▶ _PROBLEM_:
In the records below, find the line with "(fp_line (start 0.92"; retype that line and all the following lines through the end, exactly, and add nothing.

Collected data
********

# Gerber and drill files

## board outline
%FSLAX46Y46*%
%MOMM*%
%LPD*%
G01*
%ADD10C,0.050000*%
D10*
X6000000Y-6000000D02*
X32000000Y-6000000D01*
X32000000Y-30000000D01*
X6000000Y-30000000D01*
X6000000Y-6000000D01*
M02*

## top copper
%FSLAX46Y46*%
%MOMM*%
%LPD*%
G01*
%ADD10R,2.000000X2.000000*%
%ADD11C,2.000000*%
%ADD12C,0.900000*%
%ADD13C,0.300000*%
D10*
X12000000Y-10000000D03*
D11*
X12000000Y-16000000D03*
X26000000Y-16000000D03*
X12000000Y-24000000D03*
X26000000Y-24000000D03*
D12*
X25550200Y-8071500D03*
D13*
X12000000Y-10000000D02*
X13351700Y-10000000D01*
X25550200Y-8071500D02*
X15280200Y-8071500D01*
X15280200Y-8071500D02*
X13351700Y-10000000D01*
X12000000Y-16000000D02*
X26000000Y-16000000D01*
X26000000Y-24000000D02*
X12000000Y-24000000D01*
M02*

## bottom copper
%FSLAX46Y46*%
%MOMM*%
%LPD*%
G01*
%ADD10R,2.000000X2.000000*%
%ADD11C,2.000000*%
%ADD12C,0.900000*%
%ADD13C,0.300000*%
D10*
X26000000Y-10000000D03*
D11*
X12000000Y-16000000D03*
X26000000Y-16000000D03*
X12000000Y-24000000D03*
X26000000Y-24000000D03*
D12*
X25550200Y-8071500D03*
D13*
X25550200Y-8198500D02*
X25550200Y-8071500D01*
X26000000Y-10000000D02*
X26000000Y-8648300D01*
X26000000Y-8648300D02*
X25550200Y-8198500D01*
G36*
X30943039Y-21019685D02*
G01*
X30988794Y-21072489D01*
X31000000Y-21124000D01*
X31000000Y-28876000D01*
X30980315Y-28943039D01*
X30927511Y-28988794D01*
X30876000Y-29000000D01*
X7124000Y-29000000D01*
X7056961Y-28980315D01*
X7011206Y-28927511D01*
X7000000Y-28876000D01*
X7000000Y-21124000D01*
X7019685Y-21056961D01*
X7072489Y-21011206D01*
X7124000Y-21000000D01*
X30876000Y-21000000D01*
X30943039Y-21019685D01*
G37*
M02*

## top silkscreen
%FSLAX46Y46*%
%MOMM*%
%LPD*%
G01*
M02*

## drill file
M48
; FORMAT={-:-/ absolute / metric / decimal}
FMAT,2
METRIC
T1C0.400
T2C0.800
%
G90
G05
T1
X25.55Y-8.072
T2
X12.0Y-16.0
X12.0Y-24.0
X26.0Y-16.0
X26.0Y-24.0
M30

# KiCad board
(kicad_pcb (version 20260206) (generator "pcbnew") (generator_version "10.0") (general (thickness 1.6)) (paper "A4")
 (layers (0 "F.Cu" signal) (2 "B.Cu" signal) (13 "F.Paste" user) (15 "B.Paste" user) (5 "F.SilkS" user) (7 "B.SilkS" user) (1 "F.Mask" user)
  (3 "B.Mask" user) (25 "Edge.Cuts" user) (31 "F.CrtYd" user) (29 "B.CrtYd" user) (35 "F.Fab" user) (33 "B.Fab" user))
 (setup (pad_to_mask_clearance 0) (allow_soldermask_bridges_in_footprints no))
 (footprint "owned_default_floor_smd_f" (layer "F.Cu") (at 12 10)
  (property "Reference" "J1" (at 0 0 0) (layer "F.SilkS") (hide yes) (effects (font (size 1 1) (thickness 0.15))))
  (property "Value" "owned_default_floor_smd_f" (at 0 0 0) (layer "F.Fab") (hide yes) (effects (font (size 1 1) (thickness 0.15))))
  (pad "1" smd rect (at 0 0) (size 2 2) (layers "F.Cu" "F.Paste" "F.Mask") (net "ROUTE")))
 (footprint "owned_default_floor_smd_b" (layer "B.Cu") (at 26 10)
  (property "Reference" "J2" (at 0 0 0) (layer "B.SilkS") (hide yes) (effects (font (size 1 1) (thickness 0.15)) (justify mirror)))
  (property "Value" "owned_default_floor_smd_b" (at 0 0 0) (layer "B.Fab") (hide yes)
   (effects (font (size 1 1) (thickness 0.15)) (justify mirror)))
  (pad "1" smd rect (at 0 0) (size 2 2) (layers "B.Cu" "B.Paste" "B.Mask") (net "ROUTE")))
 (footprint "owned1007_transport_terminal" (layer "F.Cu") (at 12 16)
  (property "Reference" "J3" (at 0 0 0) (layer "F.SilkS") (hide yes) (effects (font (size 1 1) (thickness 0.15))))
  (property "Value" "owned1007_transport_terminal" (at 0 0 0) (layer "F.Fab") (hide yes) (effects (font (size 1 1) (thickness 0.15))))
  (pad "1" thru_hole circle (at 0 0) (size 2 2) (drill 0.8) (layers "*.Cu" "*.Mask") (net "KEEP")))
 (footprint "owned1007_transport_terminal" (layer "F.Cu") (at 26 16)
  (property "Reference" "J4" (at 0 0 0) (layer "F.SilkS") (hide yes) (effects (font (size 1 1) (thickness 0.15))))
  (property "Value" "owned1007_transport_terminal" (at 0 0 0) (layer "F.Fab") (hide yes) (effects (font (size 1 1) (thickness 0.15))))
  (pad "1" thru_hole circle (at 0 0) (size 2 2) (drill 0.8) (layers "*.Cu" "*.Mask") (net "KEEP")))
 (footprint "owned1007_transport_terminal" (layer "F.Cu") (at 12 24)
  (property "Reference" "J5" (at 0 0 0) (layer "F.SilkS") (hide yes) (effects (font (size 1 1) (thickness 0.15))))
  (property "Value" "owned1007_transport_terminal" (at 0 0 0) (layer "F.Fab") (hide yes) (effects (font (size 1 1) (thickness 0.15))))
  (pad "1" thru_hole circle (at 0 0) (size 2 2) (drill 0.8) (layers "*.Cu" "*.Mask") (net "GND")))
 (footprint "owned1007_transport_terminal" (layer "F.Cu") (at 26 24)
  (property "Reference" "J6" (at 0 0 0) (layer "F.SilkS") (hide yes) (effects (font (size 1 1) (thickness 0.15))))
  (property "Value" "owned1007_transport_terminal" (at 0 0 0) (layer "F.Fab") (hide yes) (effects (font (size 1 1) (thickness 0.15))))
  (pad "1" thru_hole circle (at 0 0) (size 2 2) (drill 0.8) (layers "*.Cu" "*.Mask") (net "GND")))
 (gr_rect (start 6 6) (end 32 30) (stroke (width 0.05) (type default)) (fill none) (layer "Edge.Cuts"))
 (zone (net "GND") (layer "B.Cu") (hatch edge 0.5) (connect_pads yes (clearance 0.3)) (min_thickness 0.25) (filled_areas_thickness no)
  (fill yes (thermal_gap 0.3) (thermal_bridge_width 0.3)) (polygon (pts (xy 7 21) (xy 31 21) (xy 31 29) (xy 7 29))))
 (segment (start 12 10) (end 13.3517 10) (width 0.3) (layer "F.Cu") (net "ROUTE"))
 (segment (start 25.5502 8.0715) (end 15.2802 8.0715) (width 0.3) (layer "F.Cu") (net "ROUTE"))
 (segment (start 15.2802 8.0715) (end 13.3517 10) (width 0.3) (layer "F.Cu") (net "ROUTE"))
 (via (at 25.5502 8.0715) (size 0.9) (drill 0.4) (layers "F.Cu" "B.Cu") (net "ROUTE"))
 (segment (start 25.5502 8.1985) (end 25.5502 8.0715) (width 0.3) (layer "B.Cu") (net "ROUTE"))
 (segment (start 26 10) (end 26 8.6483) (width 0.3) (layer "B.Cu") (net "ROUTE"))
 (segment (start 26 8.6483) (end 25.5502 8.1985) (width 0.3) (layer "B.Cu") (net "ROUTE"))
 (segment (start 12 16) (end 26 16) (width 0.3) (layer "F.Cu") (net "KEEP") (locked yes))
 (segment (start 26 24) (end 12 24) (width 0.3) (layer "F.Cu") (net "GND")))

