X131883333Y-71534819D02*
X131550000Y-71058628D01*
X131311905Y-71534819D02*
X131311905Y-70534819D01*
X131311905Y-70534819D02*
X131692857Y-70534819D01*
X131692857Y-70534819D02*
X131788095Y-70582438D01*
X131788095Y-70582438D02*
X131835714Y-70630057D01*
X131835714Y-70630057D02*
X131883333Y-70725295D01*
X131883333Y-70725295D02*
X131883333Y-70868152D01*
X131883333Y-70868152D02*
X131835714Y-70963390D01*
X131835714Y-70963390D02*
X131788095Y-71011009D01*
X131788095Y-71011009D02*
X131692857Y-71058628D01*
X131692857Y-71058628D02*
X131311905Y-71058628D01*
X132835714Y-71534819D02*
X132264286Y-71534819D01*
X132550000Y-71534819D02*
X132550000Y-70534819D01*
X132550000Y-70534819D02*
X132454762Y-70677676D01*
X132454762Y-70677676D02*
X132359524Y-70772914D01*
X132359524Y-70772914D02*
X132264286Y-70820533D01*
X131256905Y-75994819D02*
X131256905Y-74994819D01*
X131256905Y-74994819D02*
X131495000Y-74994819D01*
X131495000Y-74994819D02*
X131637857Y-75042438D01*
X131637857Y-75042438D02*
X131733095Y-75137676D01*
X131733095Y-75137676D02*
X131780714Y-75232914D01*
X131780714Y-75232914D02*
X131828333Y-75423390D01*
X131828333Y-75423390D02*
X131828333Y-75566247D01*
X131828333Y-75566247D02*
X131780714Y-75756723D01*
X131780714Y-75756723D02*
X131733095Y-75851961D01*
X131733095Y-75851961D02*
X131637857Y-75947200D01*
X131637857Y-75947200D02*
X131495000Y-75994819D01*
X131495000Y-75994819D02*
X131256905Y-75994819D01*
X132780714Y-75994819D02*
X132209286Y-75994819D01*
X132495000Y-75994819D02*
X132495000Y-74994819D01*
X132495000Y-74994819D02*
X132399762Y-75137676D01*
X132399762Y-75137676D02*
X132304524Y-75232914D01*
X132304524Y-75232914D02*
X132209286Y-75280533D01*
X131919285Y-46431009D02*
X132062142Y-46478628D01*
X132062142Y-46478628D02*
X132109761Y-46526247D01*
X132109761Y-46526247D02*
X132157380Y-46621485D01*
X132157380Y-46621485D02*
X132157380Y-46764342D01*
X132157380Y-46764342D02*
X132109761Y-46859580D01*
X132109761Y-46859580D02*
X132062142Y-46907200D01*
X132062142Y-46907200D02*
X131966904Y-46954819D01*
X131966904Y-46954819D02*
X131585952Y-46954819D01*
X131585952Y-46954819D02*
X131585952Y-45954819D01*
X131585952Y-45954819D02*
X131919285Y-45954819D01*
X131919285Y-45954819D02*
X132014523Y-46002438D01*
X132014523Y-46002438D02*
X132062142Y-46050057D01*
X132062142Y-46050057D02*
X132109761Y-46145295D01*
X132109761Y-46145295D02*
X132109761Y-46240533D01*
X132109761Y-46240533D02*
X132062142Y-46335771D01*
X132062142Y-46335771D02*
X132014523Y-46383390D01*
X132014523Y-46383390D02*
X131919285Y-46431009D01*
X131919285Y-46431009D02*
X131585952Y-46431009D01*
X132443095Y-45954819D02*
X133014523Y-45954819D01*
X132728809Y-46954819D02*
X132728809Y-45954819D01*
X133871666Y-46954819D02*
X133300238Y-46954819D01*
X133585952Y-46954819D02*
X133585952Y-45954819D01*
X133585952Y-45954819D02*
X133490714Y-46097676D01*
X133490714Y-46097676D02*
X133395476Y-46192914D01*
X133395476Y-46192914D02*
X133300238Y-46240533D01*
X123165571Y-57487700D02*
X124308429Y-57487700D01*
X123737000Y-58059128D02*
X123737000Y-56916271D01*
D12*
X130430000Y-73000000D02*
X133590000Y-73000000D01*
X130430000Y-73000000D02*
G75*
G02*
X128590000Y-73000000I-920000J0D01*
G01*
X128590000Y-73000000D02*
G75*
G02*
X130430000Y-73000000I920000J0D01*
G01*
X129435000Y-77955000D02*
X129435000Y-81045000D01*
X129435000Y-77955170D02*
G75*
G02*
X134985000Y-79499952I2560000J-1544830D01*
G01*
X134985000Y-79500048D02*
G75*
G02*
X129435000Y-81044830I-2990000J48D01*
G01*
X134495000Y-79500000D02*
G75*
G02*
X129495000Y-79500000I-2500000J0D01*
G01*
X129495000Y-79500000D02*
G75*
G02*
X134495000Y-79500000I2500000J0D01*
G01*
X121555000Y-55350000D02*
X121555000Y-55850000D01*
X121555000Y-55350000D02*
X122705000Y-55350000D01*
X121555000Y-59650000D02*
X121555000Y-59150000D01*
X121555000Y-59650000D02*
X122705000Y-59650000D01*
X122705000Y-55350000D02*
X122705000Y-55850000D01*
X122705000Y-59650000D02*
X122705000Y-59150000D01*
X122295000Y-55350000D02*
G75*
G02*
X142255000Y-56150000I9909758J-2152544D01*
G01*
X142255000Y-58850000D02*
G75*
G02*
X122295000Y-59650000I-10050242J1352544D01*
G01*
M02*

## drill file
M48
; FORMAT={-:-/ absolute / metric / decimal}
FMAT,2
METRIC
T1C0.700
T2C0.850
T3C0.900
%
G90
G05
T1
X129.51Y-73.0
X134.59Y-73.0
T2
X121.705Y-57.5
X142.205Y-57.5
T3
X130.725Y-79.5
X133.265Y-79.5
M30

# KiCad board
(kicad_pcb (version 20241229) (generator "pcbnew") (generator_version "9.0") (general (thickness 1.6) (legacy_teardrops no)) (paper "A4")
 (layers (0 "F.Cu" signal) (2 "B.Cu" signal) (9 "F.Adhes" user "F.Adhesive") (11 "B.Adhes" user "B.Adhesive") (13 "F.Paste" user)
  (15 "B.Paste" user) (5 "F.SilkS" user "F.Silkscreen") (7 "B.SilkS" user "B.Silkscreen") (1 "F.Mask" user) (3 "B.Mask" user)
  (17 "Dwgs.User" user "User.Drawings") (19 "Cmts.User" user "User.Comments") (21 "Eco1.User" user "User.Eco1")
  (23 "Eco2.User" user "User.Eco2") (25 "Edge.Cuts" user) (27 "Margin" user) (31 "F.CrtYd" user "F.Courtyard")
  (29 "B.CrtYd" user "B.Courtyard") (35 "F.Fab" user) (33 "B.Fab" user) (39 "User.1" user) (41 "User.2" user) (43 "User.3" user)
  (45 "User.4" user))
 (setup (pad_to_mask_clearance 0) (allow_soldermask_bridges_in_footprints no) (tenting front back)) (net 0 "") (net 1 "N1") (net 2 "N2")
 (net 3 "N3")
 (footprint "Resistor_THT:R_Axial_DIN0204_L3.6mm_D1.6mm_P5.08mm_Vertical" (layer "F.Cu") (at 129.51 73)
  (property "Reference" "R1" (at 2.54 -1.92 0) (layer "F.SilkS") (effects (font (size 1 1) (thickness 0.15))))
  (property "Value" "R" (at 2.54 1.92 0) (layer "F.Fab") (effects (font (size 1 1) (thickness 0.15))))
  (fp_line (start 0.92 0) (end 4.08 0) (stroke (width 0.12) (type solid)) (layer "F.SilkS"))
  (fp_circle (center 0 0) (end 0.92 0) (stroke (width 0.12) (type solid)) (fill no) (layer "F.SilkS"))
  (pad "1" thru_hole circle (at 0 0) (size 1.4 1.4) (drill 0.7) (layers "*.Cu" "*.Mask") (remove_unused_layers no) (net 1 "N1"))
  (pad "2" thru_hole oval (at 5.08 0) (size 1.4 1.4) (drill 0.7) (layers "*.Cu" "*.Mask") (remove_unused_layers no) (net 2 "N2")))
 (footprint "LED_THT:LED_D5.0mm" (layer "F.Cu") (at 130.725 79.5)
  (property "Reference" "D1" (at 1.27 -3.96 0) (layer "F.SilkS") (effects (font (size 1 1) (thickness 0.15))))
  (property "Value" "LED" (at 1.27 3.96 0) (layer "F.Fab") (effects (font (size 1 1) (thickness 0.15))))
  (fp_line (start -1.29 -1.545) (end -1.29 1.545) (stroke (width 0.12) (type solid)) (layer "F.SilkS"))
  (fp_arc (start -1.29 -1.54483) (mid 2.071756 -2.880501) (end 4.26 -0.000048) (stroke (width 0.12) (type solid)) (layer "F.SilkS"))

********

▶ _ANSWER TO THE EXERCISE_:
  (fp_line (start 0.92 0) (end 4.08 0) (stroke (width 0.12) (type solid)) (layer "F.SilkS"))
  (fp_circle (center 0 0) (end 0.92 0) (stroke (width 0.12) (type solid)) (fill no) (layer "F.SilkS"))
  (pad "1" thru_hole circle (at 0 0) (size 1.4 1.4) (drill 0.7) (layers "*.Cu" "*.Mask") (remove_unused_layers no) (net 1 "N1"))
  (pad "2" thru_hole oval (at 5.08 0) (size 1.4 1.4) (drill 0.7) (layers "*.Cu" "*.Mask") (remove_unused_layers no) (net 2 "N2")))
 (footprint "LED_THT:LED_D5.0mm" (layer "F.Cu") (at 130.725 79.5)
  (property "Reference" "D1" (at 1.27 -3.96 0) (layer "F.SilkS") (effects (font (size 1 1) (thickness 0.15))))
  (property "Value" "LED" (at 1.27 3.96 0) (layer "F.Fab") (effects (font (size 1 1) (thickness 0.15))))
  (fp_line (start -1.29 -1.545) (end -1.29 1.545) (stroke (width 0.12) (type solid)) (layer "F.SilkS"))
  (fp_arc (start -1.29 -1.54483) (mid 2.071756 -2.880501) (end 4.26 -0.000048) (stroke (width 0.12) (type solid)) (layer "F.SilkS"))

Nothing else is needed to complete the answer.